◆ DATA RECORDS ◆
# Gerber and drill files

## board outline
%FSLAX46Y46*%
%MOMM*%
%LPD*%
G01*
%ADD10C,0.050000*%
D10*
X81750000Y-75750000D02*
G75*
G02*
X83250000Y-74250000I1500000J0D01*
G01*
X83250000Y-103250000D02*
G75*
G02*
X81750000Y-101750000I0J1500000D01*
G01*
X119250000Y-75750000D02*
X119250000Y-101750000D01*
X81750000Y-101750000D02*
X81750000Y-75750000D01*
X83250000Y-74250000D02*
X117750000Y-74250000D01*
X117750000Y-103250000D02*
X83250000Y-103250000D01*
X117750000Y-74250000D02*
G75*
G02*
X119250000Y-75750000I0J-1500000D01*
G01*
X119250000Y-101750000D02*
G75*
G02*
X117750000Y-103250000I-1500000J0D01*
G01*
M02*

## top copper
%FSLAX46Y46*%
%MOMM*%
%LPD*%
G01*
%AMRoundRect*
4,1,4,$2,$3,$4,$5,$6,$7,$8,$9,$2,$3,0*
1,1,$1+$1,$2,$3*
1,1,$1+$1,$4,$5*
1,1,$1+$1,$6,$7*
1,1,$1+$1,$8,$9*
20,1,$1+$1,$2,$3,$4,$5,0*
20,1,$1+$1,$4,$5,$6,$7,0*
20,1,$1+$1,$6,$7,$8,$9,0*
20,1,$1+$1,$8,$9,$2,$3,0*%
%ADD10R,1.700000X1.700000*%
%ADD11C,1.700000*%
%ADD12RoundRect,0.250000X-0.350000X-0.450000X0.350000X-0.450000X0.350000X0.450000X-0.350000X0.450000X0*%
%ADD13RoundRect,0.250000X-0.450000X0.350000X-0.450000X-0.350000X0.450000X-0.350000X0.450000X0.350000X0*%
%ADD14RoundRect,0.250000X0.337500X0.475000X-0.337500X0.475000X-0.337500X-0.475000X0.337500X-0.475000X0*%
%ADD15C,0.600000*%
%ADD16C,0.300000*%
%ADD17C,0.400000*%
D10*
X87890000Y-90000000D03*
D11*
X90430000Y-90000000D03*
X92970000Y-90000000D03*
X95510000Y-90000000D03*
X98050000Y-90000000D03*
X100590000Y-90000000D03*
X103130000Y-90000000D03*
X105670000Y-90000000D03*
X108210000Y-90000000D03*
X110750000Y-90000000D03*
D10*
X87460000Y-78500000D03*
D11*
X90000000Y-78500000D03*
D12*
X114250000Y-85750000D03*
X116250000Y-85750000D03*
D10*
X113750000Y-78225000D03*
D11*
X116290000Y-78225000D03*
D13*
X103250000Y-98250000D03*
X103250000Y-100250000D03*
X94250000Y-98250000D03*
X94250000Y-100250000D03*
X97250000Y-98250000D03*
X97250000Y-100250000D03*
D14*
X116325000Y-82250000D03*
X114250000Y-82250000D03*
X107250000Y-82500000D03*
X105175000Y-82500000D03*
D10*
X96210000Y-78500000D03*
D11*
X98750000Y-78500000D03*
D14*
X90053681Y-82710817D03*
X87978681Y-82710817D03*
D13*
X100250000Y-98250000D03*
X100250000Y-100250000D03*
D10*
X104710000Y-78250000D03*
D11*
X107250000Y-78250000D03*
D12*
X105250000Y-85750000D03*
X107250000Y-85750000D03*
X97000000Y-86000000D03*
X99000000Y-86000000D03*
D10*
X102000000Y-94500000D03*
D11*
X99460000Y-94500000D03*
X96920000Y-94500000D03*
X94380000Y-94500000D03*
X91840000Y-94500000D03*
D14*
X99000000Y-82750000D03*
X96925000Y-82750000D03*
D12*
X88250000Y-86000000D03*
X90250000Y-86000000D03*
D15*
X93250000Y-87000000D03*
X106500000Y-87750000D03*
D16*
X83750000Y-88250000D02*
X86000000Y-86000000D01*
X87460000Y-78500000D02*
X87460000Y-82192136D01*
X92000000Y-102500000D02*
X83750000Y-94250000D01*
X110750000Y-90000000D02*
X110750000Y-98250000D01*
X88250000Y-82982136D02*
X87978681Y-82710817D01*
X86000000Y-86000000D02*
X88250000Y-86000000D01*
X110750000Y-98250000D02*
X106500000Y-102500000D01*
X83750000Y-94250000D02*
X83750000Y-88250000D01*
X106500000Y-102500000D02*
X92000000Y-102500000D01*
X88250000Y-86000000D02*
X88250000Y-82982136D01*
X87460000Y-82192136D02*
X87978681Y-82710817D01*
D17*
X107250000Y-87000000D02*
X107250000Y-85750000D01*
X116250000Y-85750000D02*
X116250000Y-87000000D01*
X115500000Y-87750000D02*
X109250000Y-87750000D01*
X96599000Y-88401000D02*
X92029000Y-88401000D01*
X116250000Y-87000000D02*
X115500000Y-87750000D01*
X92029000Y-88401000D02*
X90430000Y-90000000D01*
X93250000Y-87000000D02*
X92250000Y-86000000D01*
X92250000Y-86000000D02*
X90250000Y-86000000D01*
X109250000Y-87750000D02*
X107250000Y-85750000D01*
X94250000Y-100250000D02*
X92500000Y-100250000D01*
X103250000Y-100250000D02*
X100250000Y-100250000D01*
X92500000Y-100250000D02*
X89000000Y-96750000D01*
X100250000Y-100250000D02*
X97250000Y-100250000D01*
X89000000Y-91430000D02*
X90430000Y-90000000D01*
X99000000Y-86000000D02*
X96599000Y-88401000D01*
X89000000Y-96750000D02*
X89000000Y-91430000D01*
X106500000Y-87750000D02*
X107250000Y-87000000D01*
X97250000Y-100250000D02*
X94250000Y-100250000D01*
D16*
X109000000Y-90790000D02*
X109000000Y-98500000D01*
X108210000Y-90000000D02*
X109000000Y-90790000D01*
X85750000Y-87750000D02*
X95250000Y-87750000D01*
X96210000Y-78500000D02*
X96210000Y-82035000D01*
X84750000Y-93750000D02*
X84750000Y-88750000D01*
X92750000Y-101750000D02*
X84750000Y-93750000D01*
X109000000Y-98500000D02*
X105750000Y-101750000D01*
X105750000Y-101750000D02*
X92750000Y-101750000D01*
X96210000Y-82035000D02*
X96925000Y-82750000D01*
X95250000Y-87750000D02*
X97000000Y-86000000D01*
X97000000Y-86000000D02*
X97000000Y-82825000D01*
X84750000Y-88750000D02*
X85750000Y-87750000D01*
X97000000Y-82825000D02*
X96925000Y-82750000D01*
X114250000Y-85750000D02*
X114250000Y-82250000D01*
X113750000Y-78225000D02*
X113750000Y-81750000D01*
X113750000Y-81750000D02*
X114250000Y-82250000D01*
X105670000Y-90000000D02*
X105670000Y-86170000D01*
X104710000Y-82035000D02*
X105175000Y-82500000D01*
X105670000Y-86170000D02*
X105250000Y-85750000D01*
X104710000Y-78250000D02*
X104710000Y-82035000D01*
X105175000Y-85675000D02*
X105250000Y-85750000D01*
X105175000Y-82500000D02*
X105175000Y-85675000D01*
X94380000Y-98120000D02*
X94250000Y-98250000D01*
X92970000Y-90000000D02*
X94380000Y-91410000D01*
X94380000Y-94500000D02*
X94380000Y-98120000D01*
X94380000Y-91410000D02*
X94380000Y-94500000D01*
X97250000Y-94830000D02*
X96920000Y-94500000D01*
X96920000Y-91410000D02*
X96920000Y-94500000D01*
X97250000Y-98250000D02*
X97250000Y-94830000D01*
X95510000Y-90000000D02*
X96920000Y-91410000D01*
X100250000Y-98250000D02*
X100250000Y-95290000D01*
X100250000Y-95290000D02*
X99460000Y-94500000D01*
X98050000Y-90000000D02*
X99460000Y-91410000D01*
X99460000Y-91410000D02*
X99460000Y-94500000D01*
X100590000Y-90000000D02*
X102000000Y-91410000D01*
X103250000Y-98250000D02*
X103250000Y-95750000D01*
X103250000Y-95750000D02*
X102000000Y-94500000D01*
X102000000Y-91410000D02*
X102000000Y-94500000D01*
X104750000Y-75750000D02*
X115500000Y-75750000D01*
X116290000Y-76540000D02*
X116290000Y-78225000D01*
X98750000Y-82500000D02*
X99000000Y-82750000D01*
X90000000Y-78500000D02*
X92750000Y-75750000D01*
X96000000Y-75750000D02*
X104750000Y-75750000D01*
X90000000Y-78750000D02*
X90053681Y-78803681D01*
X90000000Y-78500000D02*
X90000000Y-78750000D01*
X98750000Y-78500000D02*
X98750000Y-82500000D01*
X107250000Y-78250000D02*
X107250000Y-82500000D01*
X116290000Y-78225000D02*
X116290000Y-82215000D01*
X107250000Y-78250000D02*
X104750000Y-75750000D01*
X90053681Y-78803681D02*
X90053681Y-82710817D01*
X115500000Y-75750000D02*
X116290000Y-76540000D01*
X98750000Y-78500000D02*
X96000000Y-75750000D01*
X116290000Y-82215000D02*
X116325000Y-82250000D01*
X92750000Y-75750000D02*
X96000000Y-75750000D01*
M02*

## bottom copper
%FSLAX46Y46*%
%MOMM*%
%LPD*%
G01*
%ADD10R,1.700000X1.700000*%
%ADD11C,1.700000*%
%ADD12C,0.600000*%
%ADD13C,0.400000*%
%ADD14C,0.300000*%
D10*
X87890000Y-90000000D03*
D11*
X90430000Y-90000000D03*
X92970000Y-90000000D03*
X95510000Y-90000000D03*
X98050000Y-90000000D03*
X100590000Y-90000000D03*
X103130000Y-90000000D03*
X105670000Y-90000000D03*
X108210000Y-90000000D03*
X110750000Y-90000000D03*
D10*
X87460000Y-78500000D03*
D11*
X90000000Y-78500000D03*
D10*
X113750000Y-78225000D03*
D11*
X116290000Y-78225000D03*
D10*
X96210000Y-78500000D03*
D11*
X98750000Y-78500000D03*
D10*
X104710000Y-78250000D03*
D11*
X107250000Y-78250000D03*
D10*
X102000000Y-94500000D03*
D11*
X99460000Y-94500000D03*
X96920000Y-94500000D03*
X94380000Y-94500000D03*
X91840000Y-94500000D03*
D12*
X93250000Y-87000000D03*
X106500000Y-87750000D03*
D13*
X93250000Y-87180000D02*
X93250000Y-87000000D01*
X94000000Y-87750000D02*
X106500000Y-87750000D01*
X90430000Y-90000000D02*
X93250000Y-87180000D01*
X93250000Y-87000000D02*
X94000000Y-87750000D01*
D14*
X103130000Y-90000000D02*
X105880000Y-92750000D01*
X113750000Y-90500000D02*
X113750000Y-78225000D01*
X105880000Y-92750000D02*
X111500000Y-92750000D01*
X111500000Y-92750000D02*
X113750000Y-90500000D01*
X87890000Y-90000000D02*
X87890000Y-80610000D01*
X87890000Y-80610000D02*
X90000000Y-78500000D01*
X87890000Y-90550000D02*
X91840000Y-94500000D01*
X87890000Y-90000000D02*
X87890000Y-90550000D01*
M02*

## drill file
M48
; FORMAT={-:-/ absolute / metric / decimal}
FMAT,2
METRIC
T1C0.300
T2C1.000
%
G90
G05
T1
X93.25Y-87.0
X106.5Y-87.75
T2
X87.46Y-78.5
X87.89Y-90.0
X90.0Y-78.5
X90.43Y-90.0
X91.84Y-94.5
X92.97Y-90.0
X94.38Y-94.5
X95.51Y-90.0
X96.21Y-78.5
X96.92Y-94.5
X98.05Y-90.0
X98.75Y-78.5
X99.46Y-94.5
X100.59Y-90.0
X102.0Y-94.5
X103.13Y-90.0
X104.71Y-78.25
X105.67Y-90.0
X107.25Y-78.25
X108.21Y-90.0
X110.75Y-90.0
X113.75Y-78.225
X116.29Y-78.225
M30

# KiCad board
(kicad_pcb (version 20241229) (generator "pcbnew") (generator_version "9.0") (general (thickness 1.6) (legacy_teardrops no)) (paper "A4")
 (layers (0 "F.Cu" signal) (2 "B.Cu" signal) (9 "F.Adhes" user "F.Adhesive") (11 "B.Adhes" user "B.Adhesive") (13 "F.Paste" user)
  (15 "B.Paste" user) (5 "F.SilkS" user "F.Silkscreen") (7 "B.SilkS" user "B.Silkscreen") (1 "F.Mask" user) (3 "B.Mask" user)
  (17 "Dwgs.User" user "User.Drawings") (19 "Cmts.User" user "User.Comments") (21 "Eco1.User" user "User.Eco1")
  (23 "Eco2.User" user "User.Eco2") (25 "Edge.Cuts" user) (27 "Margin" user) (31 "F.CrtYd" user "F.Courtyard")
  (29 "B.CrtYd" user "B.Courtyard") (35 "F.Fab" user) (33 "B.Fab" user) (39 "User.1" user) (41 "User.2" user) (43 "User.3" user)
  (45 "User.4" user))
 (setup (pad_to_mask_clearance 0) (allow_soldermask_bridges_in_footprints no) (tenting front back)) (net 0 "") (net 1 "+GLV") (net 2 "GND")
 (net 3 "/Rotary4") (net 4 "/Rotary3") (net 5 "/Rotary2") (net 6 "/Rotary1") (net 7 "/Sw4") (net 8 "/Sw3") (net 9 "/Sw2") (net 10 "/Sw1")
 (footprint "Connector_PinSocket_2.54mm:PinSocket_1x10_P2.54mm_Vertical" (layer "F.Cu") (at 87.89 90 90)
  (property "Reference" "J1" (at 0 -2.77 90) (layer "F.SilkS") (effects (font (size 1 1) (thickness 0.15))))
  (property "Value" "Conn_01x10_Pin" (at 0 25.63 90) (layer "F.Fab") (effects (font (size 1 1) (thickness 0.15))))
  (pad "1" thru_hole rect (at 0 0 90) (size 1.7 1.7) (drill 1) (layers "*.Cu" "*.Mask") (remove_unused_layers no) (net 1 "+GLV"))
  (pad "2" thru_hole circle (at 0 2.54 90) (size 1.7 1.7) (drill 1) (layers "*.Cu" "*.Mask") (remove_unused_layers no) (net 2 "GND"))
  (pad "3" thru_hole circle (at 0 5.08 90) (size 1.7 1.7) (drill 1) (layers "*.Cu" "*.Mask") (remove_unused_layers no) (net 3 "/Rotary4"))
  (pad "4" thru_hole circle (at 0 7.62 90) (size 1.7 1.7) (drill 1) (layers "*.Cu" "*.Mask") (remove_unused_layers no) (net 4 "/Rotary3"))
  (pad "5" thru_hole circle (at 0 10.16 90) (size 1.7 1.7) (drill 1) (layers "*.Cu" "*.Mask") (remove_unused_layers no) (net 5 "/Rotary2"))
  (pad "6" thru_hole circle (at 0 12.7 90) (size 1.7 1.7) (drill 1) (layers "*.Cu" "*.Mask") (remove_unused_layers no) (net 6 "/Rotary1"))
  (pad "7" thru_hole circle (at 0 15.24 90) (size 1.7 1.7) (drill 1) (layers "*.Cu" "*.Mask") (remove_unused_layers no) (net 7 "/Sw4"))
  (pad "8" thru_hole circle (at 0 17.78 90) (size 1.7 1.7) (drill 1) (layers "*.Cu" "*.Mask") (remove_unused_layers no) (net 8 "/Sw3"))
  (pad "9" thru_hole circle (at 0 20.32 90) (size 1.7 1.7) (drill 1) (layers "*.Cu" "*.Mask") (remove_unused_layers no) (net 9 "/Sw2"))
  (pad "10" thru_hole circle (at 0 22.86 90) (size 1.7 1.7) (drill 1) (layers "*.Cu" "*.Mask") (remove_unused_layers no) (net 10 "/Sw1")))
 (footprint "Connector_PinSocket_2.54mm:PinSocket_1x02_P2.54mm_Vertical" (layer "F.Cu") (at 87.46 78.5 90)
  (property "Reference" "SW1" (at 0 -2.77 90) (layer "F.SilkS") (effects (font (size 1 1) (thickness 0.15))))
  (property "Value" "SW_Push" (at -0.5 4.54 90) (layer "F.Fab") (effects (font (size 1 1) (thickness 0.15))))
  (pad "1" thru_hole rect (at 0 0 90) (size 1.7 1.7) (drill 1) (layers "*.Cu" "*.Mask") (remove_unused_layers no) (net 10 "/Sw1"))
  (pad "2" thru_hole circle (at 0 2.54 90) (size 1.7 1.7) (drill 1) (layers "*.Cu" "*.Mask") (remove_unused_layers no) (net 1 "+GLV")))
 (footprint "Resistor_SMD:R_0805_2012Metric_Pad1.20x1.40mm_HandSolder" (layer "F.Cu") (at 115.25 85.75)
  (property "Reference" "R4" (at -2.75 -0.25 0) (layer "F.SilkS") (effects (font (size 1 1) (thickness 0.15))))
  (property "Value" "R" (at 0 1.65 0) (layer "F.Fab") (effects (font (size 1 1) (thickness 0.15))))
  (pad "1" smd roundrect (at -1 0) (size 1.2 1.4) (layers "F.Cu" "F.Mask" "F.Paste") (roundrect_rratio 0.208333) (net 7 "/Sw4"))
  (pad "2" smd roundrect (at 1 0) (size 1.2 1.4) (layers "F.Cu" "F.Mask" "F.Paste") (roundrect_rratio 0.208333) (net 2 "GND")))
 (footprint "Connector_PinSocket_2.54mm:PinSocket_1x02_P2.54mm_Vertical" (layer "F.Cu") (at 113.75 78.225 90)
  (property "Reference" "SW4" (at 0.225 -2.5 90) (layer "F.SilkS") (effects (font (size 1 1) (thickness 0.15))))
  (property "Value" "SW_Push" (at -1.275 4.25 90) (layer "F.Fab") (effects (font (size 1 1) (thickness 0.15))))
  (pad "1" thru_hole rect (at 0 0 90) (size 1.7 1.7) (drill 1) (layers "*.Cu" "*.Mask") (remove_unused_layers no) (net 7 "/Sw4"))
  (pad "2" thru_hole circle (at 0 2.54 90) (size 1.7 1.7) (drill 1) (layers "*.Cu" "*.Mask") (remove_unused_layers no) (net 1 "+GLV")))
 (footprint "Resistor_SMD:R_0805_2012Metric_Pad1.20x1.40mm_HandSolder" (layer "F.Cu") (at 103.25 99.25 -90)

◆ AIM OF THE TASK ◆
Beginning with the line holding "X84750000Y-93750000D01*" and ending with the line holding "X105670000Y-86170000D01*", write out the stretch of material above exactly; add no further lines.

◆ YOUR RESPONSE ◆
X84750000Y-93750000D01*
X109000000Y-98500000D02*
X105750000Y-101750000D01*
X105750000Y-101750000D02*
X92750000Y-101750000D01*
X96210000Y-82035000D02*
X96925000Y-82750000D01*
X95250000Y-87750000D02*
X97000000Y-86000000D01*
X97000000Y-86000000D02*
X97000000Y-82825000D01*
X84750000Y-88750000D02*
X85750000Y-87750000D01*
X97000000Y-82825000D02*
X96925000Y-82750000D01*
X114250000Y-85750000D02*
X114250000Y-82250000D01*
X113750000Y-78225000D02*
X113750000Y-81750000D01*
X113750000Y-81750000D02*
X114250000Y-82250000D01*
X105670000Y-90000000D02*
X105670000Y-86170000D01*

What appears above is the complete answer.